En la estufa, un fuego pálido proyecta sombras irregulares.

Levantarse para encender la lámpara de hierro habría requerido demasiado esfuerzo. Paracelso, derretido por la fatiga, se olvida de la oración formulada. Por la noche, el athanor y los polvos almbicos fueron tragados, cuando alguien llamó a la puerta.

Medio dormido, Paracelso se levantó, subió los pocos escalones de la escalera en forma de caracol y abrió una de las hojas de la puerta.
Un extraño cruzó el umbral. También parecía estar cansado.
Paracelso le muestra un lavado; el otro se sienta en silencio.
Al principio no pronunció una palabra, y luego el magister fue el primero en romper el silencio.
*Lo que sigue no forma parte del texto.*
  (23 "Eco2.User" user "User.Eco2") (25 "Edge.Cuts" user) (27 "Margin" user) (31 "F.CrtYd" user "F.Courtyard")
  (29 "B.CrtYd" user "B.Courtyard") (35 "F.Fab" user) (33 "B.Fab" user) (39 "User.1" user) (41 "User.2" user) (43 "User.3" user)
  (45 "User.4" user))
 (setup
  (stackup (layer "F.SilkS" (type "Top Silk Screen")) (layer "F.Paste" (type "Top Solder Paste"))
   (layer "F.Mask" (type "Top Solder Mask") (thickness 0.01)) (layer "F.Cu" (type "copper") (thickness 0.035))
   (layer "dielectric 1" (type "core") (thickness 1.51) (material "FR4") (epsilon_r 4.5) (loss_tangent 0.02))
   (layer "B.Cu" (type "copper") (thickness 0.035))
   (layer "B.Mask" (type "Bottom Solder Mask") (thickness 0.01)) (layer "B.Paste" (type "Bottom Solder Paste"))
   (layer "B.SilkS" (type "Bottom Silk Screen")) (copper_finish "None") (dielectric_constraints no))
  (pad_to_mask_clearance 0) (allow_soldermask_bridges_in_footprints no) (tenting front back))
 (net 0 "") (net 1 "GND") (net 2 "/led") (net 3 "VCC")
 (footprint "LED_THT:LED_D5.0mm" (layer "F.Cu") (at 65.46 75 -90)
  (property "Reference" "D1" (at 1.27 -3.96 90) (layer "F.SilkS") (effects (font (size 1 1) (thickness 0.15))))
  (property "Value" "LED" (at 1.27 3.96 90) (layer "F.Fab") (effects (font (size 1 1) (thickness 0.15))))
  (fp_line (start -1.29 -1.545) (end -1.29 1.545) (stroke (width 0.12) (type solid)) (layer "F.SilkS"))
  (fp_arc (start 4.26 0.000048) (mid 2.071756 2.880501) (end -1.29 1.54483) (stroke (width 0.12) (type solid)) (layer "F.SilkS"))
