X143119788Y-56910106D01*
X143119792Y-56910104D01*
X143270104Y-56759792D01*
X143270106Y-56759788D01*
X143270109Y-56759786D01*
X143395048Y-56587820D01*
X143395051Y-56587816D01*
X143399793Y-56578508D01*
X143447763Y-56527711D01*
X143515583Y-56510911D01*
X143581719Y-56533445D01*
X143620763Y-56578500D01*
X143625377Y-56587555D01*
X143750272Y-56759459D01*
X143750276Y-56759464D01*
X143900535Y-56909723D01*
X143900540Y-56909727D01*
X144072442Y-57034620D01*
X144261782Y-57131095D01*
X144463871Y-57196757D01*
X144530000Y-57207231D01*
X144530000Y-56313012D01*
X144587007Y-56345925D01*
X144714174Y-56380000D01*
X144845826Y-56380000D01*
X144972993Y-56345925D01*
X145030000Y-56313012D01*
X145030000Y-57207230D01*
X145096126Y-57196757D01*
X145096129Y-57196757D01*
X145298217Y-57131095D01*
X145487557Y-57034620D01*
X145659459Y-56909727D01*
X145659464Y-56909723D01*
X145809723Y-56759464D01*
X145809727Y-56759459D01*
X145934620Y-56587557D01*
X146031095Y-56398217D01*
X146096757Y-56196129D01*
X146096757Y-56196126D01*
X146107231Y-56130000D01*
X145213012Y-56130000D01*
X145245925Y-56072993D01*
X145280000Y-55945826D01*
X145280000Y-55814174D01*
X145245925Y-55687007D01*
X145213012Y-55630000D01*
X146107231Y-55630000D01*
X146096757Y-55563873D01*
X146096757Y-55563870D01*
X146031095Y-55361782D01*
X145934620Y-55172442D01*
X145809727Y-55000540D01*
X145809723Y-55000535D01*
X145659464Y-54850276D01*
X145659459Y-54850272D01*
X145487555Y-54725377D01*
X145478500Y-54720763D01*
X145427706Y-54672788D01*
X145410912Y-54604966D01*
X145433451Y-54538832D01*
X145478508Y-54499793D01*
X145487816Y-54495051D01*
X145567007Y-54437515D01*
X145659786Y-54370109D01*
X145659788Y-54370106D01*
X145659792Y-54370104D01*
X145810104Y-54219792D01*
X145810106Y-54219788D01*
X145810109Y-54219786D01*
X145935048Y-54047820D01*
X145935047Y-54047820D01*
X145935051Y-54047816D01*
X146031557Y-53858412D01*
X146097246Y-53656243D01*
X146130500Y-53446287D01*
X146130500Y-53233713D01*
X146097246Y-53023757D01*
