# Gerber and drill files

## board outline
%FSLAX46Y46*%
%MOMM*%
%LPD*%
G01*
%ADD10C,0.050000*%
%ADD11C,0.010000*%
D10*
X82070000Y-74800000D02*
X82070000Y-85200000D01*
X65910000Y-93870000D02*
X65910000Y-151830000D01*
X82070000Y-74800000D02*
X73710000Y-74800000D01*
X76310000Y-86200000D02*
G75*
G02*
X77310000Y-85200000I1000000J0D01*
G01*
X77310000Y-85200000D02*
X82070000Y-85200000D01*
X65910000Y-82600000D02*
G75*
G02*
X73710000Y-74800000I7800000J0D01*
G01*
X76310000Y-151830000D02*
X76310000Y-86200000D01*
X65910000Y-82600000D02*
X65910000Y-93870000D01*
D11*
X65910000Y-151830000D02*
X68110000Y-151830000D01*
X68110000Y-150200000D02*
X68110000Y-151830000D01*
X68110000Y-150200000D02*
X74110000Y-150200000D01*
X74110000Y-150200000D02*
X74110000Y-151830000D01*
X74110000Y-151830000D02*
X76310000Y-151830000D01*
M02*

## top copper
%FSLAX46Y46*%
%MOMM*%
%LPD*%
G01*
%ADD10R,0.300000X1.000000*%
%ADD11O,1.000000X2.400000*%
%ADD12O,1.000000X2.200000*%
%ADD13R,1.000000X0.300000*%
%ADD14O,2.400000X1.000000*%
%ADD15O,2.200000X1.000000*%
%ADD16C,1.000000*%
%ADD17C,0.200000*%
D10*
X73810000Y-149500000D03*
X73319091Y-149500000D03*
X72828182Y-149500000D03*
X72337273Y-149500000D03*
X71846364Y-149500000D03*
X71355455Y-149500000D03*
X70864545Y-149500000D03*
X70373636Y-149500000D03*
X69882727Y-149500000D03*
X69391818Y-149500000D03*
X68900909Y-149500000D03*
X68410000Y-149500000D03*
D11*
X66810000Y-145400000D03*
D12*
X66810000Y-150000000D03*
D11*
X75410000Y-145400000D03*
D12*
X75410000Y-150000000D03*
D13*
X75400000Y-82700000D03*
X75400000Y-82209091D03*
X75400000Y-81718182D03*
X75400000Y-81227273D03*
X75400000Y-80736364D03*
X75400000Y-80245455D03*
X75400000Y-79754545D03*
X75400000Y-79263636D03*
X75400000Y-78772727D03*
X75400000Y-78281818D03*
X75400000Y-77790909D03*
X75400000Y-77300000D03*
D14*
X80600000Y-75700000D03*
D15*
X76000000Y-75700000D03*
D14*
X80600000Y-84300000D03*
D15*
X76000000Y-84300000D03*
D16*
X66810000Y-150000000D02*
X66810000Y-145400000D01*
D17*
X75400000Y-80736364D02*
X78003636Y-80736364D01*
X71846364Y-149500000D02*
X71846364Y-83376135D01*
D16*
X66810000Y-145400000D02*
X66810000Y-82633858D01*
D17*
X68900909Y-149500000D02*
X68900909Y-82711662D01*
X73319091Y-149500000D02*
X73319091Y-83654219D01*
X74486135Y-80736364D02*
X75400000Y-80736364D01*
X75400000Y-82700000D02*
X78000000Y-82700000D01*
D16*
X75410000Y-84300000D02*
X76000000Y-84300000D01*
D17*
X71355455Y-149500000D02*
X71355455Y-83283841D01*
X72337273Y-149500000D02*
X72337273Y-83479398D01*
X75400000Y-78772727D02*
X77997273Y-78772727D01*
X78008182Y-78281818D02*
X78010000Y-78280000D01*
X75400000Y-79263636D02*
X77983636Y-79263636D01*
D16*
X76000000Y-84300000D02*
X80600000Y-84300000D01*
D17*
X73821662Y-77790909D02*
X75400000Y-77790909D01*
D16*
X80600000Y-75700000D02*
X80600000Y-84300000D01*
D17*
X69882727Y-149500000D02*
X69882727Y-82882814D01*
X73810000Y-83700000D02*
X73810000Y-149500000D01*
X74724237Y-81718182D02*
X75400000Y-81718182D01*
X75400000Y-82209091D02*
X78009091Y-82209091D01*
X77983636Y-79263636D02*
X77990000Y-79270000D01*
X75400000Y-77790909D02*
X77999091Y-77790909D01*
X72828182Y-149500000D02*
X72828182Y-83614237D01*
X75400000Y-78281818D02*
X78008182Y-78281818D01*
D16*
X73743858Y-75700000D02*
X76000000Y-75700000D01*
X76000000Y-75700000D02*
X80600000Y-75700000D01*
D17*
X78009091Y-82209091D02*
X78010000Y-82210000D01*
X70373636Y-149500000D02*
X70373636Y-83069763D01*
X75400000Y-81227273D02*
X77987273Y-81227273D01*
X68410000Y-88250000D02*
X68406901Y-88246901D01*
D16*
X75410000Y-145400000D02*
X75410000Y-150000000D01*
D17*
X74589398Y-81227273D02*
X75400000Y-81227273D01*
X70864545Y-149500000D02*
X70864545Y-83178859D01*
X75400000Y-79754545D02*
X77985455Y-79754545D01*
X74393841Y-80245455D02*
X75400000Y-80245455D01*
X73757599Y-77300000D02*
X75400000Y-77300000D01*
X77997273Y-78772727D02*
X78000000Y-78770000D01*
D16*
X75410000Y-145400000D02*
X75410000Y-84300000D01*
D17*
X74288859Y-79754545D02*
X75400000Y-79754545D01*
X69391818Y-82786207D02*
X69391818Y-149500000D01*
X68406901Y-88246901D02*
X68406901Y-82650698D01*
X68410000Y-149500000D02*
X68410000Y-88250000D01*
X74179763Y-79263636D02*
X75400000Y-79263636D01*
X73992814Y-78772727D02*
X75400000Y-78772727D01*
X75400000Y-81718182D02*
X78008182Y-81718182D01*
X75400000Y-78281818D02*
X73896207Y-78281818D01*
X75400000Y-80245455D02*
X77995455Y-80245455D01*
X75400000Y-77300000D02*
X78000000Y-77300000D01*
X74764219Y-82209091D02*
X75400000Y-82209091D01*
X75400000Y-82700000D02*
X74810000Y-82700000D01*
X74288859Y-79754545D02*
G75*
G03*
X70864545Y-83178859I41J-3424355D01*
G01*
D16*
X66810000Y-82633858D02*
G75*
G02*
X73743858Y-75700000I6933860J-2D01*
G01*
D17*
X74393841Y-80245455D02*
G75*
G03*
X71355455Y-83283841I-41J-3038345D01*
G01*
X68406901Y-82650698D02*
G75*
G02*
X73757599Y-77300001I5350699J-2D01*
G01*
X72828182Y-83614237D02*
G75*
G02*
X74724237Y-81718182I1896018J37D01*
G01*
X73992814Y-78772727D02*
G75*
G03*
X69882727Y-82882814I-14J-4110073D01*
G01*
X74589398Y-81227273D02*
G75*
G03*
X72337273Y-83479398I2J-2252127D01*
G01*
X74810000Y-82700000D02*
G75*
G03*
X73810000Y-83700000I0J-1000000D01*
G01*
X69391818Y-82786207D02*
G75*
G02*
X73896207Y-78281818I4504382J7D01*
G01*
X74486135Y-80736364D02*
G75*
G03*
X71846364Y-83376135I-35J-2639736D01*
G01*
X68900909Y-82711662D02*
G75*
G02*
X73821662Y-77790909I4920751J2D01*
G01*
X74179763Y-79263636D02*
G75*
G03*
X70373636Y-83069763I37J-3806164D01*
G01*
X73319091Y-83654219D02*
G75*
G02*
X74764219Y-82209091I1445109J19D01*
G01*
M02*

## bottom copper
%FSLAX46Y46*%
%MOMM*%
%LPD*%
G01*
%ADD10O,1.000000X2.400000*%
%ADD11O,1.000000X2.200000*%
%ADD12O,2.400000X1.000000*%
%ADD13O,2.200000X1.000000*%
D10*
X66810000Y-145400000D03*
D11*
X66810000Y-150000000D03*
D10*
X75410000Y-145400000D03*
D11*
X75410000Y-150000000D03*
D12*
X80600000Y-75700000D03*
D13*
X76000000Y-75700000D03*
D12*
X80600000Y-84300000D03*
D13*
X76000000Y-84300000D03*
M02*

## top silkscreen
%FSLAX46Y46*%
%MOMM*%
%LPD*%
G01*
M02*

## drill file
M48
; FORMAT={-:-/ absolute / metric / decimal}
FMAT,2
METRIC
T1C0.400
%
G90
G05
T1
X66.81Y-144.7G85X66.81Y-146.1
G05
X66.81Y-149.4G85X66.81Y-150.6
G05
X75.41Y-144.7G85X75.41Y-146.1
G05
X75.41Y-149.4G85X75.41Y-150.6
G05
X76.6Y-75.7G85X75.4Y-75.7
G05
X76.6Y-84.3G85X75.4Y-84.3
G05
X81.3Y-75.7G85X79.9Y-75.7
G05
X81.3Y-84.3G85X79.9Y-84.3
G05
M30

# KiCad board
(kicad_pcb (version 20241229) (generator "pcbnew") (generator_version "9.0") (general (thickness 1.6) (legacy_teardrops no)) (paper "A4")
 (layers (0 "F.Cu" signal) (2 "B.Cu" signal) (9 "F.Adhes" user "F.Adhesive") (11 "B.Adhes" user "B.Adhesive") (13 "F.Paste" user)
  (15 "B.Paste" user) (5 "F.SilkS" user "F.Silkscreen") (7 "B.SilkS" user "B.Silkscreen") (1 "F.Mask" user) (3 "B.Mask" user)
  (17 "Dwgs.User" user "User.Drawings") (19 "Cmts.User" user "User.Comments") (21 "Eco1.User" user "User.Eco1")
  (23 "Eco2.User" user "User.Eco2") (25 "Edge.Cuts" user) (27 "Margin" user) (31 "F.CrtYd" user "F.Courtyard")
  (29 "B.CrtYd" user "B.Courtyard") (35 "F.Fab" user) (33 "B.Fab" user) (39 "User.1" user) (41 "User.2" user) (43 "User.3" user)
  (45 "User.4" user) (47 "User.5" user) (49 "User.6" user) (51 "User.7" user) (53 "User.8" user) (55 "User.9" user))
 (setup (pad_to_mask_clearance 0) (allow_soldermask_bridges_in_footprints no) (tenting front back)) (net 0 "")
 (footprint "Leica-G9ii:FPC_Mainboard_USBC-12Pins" (layer "F.Cu") (at 71.11 150)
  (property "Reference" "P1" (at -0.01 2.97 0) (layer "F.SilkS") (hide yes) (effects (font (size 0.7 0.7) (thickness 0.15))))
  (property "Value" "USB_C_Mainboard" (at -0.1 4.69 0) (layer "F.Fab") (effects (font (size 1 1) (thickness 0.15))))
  (fp_line (start -5.2 1.83) (end -3 1.83) (stroke (width 0.01) (type solid)) (layer "Edge.Cuts"))
  (fp_line (start -3 0.2) (end -3 1.83) (stroke (width 0.01) (type solid)) (layer "Edge.Cuts"))
  (fp_line (start -3 0.2) (end 3 0.2) (stroke (width 0.01) (type solid)) (layer "Edge.Cuts"))
  (fp_line (start 3 0.2) (end 3 1.83) (stroke (width 0.01) (type solid)) (layer "Edge.Cuts"))
  (fp_line (start 3 1.83) (end 5.2 1.83) (stroke (width 0.01) (type solid)) (layer "Edge.Cuts"))
  (pad "1" smd rect (at 2.7 -0.5) (size 0.3 1) (layers "F.Cu" "F.Mask" "F.Paste"))
  (pad "2" smd rect (at 2.209091 -0.5) (size 0.3 1) (layers "F.Cu" "F.Mask" "F.Paste"))
  (pad "3" smd rect (at 1.718182 -0.5) (size 0.3 1) (layers "F.Cu" "F.Mask" "F.Paste"))
  (pad "4" smd rect (at 1.227273 -0.5) (size 0.3 1) (layers "F.Cu" "F.Mask" "F.Paste"))
  (pad "5" smd rect (at 0.736364 -0.5) (size 0.3 1) (layers "F.Cu" "F.Mask" "F.Paste"))
  (pad "6" smd rect (at 0.245455 -0.5) (size 0.3 1) (layers "F.Cu" "F.Mask" "F.Paste"))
– Recuerdo las caras de Occidente, así como las de Oriente, Dijo sin cierto énfasis. Pero no recuerdo tu cara.
¿Quién eres y qué quieres de mí?

Mi nombre no tiene significado, respondió el otro. Deambulé durante tres días y tres noches para llegar aquí.
Quiero ser tu discípulo. Te traje, he aquí, todo mi tenía.

Se reveló un bolso de cuero y, con su mano derecha, lo volcó sobre la mesa: una corriente de amarillos había sido volcada.

Paracelso, para encender su lámpara, había tenido que darle la espalda.
Cuando se volvió hacia el recién llegado, se dio cuenta de que sostenía una rosa en su mano izquierda. Roza lo pone ansioso.

Se inclinó, juntó las puntas de los dedos y dijo:

Crees que puedo hacer la piedra que convertirá los elementos en oro.
Pero yo no busco el oro, y si el oro te interesa, nunca serás mi discípulo.

El oro no me concierne con el tipo”, dijo el otro tipo.
Estos amarillos no son más que un testimonio de mi deseo de aprender. Me gustaría que me mostraras la Piedra Filosofal.
Quiero acompañarte en el camino que lleva a Piatra.

Paracelso rara vez pronuncia:

El camino es de piedra. La piedra es el punto de partida.
Si no entiendes eso, aún no has comenzado a entenderlo.
Porque el objetivo está en cada uno de tus pasos.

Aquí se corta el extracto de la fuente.